AMENDMENT NO. 1 TO CONSULTING AGREEMENT
This Amendment No. 1 (this “Amendment”) to Agreement between El Capitan Precious Metals, Inc.
(“ECPN”) and Clyde L. Smith, Ph.D., P. Eng. (“Smith” or “Consultant” dated August 22, 2005 (the “Original
Agreement”) is entered into effective October 25, 2005, by and between ECPN and Smith. This Amendment
and the Original Agreement are collectively referred to as the “Agreement.”
Scope of Work
The duties described in the Original Agreement are expanded as follows: Smith shall be available to act
as representative of ECPN in dealing with the sale of the EL Capitan Project throughout the entirety of the sales
process, and shall oversee the various stages with potential purchases. Smith expressly acknowledges that the
sales process may involve multiple stages over an extended period of time. If ECPN retains an ownership or
other interest in the El Capitan Project or any part thereof after the sale, whether on a join venture basis of
otherwise, Smith shall assist in negotiating the terms of the relationship and shall oversee the ongoing relationship
with the third party on behalf of ECPN. Smith further shall carry out other activities for ECPN as agreed and
directed by ECPN. The activities required by the Original Agreement and this Amendment are referred to as the
“Services.” Smith shall personally remain involved and available to the extent reasonably requested by ECPN
from time to time throughout the term of this Agreement to perform the Services.
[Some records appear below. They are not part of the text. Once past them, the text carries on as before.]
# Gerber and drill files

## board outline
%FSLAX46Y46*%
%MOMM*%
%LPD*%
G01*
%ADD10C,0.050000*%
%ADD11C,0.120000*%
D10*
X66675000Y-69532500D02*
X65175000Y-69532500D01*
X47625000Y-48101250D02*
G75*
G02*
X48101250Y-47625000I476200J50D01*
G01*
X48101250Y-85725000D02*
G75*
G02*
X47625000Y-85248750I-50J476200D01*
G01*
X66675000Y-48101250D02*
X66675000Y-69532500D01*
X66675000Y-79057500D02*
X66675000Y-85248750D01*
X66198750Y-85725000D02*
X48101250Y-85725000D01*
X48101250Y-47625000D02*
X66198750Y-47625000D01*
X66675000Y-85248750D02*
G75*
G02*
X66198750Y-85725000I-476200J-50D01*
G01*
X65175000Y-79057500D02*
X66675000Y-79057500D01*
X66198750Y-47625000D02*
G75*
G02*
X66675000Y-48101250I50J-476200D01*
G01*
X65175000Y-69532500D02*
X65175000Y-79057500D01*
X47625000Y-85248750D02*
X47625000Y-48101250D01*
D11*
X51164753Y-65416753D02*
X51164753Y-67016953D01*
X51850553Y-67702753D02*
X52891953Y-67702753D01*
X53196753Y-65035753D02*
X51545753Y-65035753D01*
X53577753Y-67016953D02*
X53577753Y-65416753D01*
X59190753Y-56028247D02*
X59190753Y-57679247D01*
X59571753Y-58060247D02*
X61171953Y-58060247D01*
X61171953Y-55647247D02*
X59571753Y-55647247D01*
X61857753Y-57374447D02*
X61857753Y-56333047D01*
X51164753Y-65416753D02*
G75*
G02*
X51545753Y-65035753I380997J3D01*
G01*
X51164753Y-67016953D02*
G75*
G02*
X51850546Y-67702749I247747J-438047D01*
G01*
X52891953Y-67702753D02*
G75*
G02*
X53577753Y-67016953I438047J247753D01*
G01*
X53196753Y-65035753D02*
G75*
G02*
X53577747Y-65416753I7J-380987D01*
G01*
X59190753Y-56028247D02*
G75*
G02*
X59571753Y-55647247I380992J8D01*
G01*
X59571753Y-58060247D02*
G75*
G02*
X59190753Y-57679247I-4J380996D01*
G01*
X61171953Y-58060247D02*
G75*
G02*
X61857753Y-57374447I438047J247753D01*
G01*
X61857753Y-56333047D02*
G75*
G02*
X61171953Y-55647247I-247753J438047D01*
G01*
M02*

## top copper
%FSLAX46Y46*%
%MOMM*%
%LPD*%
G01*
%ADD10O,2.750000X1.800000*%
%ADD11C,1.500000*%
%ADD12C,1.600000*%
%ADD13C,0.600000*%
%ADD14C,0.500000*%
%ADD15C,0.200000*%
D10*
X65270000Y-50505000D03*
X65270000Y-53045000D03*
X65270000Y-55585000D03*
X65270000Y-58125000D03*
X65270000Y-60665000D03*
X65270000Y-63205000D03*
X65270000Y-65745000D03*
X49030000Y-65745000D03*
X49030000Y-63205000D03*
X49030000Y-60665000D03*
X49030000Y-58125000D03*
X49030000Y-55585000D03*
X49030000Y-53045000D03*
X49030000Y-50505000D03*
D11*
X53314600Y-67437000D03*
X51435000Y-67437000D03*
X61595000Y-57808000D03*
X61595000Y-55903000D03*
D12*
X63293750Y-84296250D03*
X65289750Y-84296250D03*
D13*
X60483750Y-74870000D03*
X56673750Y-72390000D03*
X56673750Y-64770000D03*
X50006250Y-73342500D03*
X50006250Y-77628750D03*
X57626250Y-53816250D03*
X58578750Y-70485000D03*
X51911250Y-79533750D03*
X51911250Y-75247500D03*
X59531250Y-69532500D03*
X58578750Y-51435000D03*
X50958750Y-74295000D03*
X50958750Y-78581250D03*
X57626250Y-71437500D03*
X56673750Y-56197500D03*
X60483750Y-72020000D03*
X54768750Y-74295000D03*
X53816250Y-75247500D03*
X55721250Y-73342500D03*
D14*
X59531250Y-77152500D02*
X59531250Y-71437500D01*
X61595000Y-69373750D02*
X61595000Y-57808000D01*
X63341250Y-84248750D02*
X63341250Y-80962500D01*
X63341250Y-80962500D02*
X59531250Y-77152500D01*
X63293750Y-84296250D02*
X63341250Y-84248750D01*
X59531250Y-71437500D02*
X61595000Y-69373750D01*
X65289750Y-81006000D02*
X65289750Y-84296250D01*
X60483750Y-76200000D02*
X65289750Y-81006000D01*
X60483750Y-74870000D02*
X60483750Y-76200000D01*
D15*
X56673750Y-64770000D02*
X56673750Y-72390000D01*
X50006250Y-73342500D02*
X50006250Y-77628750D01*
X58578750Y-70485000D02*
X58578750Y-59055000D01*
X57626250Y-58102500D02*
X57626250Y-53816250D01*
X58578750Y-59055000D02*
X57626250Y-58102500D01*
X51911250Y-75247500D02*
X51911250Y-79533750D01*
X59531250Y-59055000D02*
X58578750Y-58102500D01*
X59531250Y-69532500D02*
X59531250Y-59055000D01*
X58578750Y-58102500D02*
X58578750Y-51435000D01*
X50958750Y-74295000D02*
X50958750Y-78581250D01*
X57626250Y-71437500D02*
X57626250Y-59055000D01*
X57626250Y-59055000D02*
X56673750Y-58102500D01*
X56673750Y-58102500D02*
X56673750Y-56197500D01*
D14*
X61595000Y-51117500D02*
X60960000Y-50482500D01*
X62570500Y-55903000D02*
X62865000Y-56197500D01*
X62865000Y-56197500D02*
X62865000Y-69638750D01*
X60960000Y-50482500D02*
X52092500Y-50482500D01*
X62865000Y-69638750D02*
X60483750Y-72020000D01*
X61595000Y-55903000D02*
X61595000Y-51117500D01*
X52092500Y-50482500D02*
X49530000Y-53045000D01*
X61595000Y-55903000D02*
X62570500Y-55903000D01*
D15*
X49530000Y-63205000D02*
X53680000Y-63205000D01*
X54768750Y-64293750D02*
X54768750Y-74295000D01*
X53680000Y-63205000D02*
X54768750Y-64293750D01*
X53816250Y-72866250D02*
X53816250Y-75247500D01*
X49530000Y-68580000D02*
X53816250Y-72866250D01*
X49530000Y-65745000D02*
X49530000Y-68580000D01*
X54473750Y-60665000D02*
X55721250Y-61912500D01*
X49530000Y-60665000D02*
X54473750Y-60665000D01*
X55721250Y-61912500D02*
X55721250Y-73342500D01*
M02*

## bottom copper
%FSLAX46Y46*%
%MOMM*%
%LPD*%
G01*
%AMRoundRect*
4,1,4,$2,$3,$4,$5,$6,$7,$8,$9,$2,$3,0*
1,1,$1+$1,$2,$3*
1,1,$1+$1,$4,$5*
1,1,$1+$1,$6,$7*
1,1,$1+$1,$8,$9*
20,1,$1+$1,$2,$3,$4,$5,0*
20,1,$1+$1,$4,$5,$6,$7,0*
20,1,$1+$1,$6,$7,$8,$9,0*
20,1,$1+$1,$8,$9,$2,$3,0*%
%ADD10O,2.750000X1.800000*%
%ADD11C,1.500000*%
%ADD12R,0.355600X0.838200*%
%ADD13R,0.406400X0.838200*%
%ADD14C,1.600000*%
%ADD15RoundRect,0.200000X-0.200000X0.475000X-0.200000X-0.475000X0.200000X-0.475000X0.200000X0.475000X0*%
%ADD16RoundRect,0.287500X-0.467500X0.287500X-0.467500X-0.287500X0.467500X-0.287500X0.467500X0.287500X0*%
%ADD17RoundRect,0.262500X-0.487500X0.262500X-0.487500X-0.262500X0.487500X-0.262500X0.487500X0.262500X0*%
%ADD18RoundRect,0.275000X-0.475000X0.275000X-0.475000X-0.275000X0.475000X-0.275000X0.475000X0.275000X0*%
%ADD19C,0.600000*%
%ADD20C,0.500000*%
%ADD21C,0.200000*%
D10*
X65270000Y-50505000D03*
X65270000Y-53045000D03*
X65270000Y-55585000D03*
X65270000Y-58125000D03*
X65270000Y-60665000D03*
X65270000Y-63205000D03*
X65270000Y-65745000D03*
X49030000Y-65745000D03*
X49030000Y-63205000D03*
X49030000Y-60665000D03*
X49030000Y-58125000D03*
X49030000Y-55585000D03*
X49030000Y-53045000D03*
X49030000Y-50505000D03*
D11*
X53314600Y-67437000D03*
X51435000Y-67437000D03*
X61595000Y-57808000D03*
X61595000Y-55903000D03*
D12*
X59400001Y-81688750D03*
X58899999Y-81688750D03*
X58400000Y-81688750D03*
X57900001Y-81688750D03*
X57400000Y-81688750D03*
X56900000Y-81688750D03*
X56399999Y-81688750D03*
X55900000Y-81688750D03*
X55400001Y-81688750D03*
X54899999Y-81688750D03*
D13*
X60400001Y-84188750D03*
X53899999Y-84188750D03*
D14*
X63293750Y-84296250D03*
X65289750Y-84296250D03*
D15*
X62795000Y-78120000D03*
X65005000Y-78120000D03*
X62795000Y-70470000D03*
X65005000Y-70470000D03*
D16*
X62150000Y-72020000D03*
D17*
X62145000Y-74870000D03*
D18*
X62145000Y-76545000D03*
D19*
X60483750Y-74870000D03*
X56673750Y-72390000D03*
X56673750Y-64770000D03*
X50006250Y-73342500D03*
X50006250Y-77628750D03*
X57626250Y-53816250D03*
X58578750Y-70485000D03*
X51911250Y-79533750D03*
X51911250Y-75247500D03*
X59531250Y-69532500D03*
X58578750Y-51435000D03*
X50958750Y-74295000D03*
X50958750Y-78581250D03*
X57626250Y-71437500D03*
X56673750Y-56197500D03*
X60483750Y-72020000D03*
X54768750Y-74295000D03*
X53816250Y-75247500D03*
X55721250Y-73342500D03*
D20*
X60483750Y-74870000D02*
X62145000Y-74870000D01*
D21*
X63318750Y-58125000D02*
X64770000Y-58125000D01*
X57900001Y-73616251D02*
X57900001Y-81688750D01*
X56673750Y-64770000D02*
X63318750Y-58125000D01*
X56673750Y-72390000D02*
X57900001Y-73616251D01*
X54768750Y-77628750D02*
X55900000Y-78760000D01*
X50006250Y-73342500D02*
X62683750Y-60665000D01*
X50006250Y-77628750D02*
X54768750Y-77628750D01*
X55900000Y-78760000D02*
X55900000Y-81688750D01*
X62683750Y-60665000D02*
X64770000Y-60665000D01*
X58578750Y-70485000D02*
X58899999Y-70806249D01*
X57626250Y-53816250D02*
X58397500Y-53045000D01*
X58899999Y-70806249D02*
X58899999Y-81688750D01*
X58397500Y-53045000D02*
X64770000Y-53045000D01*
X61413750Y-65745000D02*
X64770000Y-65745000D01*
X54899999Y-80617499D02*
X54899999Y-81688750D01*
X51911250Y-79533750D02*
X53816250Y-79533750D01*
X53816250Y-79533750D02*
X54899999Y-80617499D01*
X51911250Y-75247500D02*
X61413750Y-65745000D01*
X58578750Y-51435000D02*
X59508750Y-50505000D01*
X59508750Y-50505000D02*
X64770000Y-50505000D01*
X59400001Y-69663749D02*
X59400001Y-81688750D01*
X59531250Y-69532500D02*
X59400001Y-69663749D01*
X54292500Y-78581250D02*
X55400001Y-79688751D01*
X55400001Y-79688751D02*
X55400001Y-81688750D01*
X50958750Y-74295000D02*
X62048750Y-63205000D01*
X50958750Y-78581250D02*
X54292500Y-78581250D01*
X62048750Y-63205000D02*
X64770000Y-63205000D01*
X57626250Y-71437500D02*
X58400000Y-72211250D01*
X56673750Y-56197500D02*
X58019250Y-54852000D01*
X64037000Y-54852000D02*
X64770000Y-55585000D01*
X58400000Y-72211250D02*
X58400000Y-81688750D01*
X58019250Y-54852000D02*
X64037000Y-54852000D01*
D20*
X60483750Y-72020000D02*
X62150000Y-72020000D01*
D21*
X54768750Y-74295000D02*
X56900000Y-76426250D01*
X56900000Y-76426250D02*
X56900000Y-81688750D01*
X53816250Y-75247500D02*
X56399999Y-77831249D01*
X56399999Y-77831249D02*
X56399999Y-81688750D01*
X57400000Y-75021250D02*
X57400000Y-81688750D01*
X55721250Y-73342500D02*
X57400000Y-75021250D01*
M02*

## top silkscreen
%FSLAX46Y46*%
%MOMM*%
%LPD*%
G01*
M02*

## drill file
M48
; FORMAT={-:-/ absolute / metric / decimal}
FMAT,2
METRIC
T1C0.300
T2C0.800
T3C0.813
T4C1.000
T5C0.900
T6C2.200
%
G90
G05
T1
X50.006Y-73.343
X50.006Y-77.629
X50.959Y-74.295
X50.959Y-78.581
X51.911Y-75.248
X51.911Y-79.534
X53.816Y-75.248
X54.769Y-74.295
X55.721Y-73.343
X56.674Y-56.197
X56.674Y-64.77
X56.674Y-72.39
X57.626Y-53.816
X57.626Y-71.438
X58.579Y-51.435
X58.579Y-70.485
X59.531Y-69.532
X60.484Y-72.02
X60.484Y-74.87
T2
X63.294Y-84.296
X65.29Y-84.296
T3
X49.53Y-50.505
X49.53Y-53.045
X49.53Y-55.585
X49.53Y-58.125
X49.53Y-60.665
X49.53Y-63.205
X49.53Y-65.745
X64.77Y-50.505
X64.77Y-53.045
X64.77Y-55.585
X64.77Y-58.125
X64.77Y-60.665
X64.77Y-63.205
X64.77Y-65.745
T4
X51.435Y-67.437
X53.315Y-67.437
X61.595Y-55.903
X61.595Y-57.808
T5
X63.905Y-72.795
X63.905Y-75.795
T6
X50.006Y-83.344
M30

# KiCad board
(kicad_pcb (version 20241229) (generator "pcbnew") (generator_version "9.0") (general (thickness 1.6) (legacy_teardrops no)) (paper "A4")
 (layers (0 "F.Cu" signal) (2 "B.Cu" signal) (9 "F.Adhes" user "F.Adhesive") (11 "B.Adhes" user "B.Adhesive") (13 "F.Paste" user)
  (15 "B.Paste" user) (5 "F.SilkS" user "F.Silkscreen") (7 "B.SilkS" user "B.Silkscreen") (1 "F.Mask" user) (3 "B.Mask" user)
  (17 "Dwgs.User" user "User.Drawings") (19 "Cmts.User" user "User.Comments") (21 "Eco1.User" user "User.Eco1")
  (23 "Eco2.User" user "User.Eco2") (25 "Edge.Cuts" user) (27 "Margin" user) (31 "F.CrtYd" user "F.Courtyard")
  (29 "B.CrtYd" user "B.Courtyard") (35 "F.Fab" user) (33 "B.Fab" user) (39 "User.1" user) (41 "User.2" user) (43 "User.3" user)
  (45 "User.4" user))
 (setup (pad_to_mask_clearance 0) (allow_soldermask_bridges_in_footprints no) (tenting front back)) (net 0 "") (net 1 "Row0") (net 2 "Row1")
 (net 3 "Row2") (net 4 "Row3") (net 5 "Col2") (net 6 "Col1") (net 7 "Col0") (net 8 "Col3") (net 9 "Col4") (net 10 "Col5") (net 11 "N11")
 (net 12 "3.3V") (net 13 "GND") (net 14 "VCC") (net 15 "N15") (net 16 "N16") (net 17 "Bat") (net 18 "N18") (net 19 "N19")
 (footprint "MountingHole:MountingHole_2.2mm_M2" (layer "F.Cu") (at 50.00625 83.34375)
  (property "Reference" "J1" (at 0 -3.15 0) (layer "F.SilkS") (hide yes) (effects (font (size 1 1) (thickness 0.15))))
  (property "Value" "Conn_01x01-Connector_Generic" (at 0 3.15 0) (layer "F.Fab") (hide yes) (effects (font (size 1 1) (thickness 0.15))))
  (pad "" np_thru_hole circle (at 0 0) (size 2.2 2.2) (drill 2.2) (layers "*.Cu" "*.Mask")))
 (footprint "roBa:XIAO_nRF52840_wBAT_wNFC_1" (layer "B.Cu") (at 57.15 47.625 180)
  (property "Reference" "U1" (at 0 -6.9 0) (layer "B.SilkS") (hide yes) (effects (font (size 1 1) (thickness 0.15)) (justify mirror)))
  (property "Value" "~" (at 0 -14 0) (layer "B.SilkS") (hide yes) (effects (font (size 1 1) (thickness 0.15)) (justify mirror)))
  (fp_line (start 5.985247 -17.791753) (end 5.985247 -19.391953) (stroke (width 0.12) (type solid)) (layer "Edge.Cuts"))
  (fp_line (start 5.299447 -20.077753) (end 4.258047 -20.077753) (stroke (width 0.12) (type solid)) (layer "Edge.Cuts"))
  (fp_line (start 3.953247 -17.410753) (end 5.604247 -17.410753) (stroke (width 0.12) (type solid)) (layer "Edge.Cuts"))
  (fp_line (start 3.572247 -19.391953) (end 3.572247 -17.791753) (stroke (width 0.12) (type solid)) (layer "Edge.Cuts"))
  (fp_line (start -2.040753 -8.403247) (end -2.040753 -10.054247) (stroke (width 0.12) (type solid)) (layer "Edge.Cuts"))
  (fp_line (start -2.421753 -10.435247) (end -4.021953 -10.435247) (stroke (width 0.12) (type solid)) (layer "Edge.Cuts"))
  (fp_line (start -4.021953 -8.022247) (end -2.421753 -8.022247) (stroke (width 0.12) (type solid)) (layer "Edge.Cuts"))
  (fp_line (start -4.707753 -9.749447) (end -4.707753 -8.708047) (stroke (width 0.12) (type solid)) (layer "Edge.Cuts"))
The initial term set forth in the Original Agreement is extended to three years.
Payment for Services
In addition to the compensation set forth in the Original Agreement, ECPN agrees to issue to
Smith options for the purchase of 150,000 shares of ECPN’s Common Stock according and subject to the terms
and conditions set forth in the grant letter attached to this Amendment as Exhibit A.
Section 2.D is hereby deleted from the Original Agreement.